RATIONALE: The term cystic breast lesions is a sonographic diagnosis, which can be categorized as simple, complicated or complex. The complex cysts are deemed as having a low risk of breast cancer. The highly aggressive invasive ductal carcinomas among complex cysts, in particular, are infrequent reported. PATIENT CONCERNS: A 56-year-old female with a breast complex cyst who, after fine-needle aspiration, complained about oozing with fluid as well as skin ulceration that did not heal. DIAGNOSES: An advanced HER-2-enriched invasive ductal carcinoma was diagnosed.

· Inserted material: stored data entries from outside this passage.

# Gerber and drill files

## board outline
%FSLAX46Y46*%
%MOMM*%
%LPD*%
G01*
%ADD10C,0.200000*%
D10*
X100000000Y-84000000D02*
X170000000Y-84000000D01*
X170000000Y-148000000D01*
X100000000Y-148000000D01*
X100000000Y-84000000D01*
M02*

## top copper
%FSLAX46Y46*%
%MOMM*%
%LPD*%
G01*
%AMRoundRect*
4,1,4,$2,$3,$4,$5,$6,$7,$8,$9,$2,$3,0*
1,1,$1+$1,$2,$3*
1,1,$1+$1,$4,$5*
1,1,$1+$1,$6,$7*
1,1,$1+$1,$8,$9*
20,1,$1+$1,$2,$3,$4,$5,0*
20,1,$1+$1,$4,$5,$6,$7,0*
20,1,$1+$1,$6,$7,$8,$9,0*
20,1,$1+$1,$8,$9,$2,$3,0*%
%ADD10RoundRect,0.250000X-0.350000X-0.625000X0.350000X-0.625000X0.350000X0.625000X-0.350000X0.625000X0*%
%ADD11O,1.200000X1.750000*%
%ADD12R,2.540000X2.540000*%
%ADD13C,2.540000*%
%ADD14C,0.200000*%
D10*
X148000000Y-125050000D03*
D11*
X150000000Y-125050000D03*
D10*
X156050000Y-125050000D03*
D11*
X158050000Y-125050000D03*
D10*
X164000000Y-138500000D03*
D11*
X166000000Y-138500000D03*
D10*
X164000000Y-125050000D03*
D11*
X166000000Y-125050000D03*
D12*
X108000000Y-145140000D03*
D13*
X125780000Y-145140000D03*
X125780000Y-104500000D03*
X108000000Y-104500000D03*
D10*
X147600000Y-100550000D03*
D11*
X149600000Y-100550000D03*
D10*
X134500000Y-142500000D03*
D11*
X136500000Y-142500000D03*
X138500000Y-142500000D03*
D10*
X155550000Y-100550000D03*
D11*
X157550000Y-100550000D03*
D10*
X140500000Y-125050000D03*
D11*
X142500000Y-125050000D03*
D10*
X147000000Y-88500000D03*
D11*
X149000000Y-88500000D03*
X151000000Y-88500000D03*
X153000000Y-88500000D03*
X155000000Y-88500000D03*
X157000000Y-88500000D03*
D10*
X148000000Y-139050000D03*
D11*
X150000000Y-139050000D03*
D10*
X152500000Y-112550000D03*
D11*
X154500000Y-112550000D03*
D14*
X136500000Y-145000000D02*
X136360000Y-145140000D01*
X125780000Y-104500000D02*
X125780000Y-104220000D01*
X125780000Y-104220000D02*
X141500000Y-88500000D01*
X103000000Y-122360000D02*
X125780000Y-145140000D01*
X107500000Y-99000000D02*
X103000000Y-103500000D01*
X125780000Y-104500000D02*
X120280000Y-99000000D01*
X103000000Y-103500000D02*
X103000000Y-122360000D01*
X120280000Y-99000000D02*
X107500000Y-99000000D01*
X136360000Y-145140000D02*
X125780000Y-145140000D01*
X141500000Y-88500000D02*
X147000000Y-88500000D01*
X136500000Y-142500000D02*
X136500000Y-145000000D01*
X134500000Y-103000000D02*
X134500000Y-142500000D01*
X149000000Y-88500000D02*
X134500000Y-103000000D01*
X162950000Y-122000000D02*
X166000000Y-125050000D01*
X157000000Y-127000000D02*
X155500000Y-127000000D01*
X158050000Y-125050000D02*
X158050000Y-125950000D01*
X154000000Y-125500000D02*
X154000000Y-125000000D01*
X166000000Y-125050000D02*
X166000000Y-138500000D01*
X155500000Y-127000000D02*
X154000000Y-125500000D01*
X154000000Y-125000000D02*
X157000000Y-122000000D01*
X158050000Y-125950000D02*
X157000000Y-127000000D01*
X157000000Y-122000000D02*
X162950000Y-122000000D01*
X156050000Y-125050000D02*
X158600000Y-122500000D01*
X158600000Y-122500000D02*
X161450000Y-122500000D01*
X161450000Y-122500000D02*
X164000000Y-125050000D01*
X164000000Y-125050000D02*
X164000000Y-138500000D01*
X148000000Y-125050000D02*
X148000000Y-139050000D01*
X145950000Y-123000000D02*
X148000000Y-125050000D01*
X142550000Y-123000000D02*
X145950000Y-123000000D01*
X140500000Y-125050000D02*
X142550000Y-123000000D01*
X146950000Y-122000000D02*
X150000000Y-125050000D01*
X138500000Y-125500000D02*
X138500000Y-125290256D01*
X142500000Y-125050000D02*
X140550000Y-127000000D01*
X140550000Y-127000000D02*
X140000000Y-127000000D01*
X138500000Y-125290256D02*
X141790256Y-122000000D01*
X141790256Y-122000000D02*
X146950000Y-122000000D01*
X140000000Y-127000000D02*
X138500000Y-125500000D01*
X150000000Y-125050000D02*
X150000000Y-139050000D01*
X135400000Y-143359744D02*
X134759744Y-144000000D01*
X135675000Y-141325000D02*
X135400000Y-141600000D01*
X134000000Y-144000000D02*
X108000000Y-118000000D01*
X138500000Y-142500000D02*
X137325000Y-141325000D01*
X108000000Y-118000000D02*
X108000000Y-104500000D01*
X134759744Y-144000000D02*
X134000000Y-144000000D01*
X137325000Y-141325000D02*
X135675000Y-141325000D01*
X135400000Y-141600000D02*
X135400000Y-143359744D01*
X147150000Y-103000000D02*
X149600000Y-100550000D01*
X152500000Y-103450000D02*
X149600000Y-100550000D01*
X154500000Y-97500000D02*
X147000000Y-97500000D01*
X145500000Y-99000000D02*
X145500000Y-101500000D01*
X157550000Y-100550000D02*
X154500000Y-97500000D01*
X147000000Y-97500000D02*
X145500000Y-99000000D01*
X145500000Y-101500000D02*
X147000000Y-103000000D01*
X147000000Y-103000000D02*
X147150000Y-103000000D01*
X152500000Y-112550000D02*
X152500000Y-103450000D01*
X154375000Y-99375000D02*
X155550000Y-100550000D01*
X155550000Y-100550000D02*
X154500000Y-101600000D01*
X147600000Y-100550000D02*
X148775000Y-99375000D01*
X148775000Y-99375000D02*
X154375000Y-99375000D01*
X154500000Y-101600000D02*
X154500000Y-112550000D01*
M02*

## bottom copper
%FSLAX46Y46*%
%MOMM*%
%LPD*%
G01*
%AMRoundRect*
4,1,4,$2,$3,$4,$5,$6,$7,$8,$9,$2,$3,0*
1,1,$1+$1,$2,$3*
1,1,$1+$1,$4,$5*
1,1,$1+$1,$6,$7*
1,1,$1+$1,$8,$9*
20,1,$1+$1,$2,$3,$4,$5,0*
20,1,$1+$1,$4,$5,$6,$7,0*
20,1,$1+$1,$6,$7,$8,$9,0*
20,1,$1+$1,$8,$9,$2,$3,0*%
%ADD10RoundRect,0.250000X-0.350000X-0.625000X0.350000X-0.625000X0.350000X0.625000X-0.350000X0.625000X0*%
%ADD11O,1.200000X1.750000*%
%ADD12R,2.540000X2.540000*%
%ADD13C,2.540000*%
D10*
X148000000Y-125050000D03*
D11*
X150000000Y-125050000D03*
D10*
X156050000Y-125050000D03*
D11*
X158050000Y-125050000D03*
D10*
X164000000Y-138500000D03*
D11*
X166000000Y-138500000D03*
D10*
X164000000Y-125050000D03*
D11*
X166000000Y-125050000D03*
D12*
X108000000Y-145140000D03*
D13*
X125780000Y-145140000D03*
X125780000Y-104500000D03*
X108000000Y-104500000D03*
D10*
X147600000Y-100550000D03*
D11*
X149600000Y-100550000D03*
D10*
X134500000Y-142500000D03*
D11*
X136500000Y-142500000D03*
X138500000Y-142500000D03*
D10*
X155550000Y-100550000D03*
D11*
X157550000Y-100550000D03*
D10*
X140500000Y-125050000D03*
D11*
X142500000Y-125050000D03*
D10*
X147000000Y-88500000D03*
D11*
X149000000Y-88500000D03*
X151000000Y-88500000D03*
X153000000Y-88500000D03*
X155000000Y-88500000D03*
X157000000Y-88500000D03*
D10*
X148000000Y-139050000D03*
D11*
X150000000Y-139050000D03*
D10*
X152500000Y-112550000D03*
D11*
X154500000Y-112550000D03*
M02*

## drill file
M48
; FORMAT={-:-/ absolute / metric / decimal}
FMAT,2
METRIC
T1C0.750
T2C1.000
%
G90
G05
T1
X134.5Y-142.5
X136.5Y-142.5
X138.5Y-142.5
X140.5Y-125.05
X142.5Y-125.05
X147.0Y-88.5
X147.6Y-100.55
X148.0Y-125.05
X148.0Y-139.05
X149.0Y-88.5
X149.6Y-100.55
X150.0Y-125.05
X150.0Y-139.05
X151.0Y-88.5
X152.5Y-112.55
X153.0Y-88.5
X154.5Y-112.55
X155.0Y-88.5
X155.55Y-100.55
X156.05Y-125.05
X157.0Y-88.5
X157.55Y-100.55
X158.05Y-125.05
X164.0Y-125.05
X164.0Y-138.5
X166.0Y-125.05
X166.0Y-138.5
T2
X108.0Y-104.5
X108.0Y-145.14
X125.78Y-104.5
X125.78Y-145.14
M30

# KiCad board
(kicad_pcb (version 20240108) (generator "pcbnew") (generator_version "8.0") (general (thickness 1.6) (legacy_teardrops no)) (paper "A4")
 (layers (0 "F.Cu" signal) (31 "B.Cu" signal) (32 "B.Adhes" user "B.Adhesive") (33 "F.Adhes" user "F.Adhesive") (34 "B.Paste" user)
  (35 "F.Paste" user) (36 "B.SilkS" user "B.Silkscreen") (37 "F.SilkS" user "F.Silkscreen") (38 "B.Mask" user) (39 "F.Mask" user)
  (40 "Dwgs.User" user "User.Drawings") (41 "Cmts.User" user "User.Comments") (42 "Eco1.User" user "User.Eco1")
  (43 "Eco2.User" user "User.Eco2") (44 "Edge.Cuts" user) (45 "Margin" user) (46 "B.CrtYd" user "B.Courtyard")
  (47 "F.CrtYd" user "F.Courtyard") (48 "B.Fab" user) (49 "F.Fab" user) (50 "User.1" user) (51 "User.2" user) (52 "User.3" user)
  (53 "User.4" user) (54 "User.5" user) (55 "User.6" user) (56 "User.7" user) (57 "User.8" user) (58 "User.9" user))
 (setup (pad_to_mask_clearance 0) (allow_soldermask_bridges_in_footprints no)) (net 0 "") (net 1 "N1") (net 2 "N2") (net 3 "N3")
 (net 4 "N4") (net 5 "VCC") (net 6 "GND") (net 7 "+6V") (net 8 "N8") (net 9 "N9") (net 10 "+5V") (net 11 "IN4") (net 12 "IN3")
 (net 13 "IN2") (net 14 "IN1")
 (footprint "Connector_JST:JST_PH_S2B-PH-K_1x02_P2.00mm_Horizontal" (layer "F.Cu") (at 148 125.05)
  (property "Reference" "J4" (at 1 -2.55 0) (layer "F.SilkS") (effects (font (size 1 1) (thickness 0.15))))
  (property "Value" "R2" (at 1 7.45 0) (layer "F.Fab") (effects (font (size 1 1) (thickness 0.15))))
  (pad "1" thru_hole roundrect (at 0 0) (size 1.2 1.75) (drill 0.75) (layers "*.Cu" "*.Mask") (remove_unused_layers no)
   (roundrect_rratio 0.208333) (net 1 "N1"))
  (pad "2" thru_hole oval (at 2 0) (size 1.2 1.75) (drill 0.75) (layers "*.Cu" "*.Mask") (remove_unused_layers no) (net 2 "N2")))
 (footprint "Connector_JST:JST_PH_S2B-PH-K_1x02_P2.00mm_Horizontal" (layer "F.Cu") (at 156.05 125.05)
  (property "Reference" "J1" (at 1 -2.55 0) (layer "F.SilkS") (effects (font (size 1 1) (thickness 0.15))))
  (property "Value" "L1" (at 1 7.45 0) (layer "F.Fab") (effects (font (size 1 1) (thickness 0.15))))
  (pad "1" thru_hole roundrect (at 0 0) (size 1.2 1.75) (drill 0.75) (layers "*.Cu" "*.Mask") (remove_unused_layers no)
   (roundrect_rratio 0.208333) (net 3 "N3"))
  (pad "2" thru_hole oval (at 2 0) (size 1.2 1.75) (drill 0.75) (layers "*.Cu" "*.Mask") (remove_unused_layers no) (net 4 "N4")))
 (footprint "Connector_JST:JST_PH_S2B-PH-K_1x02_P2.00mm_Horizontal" (layer "F.Cu") (at 164 138.5)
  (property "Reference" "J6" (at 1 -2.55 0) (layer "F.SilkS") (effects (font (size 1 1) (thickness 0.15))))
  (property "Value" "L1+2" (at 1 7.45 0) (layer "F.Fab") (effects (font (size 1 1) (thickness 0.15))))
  (pad "1" thru_hole roundrect (at 0 0) (size 1.2 1.75) (drill 0.75) (layers "*.Cu" "*.Mask") (remove_unused_layers no)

INTERVENTIONS: The patient received neoadjuvant chemotherapy of anti-HER-2 target drug, palliative surgery and following postoperative chemotherapy. OUTCOMES: The patient was in good general condition at 6 months follow-up after surgery. LESSONS: Meticulous ultrasound evaluation of Breast Imaging Reporting and Data System (BI-RADS) category is crucial and indispensable when a complex cyst is found. The radiologist and clinician should be fully awake to its possibility of malignancy, especially fast-growing one in post-menopausal women. Excision biopsy may be preferred for diagnosis.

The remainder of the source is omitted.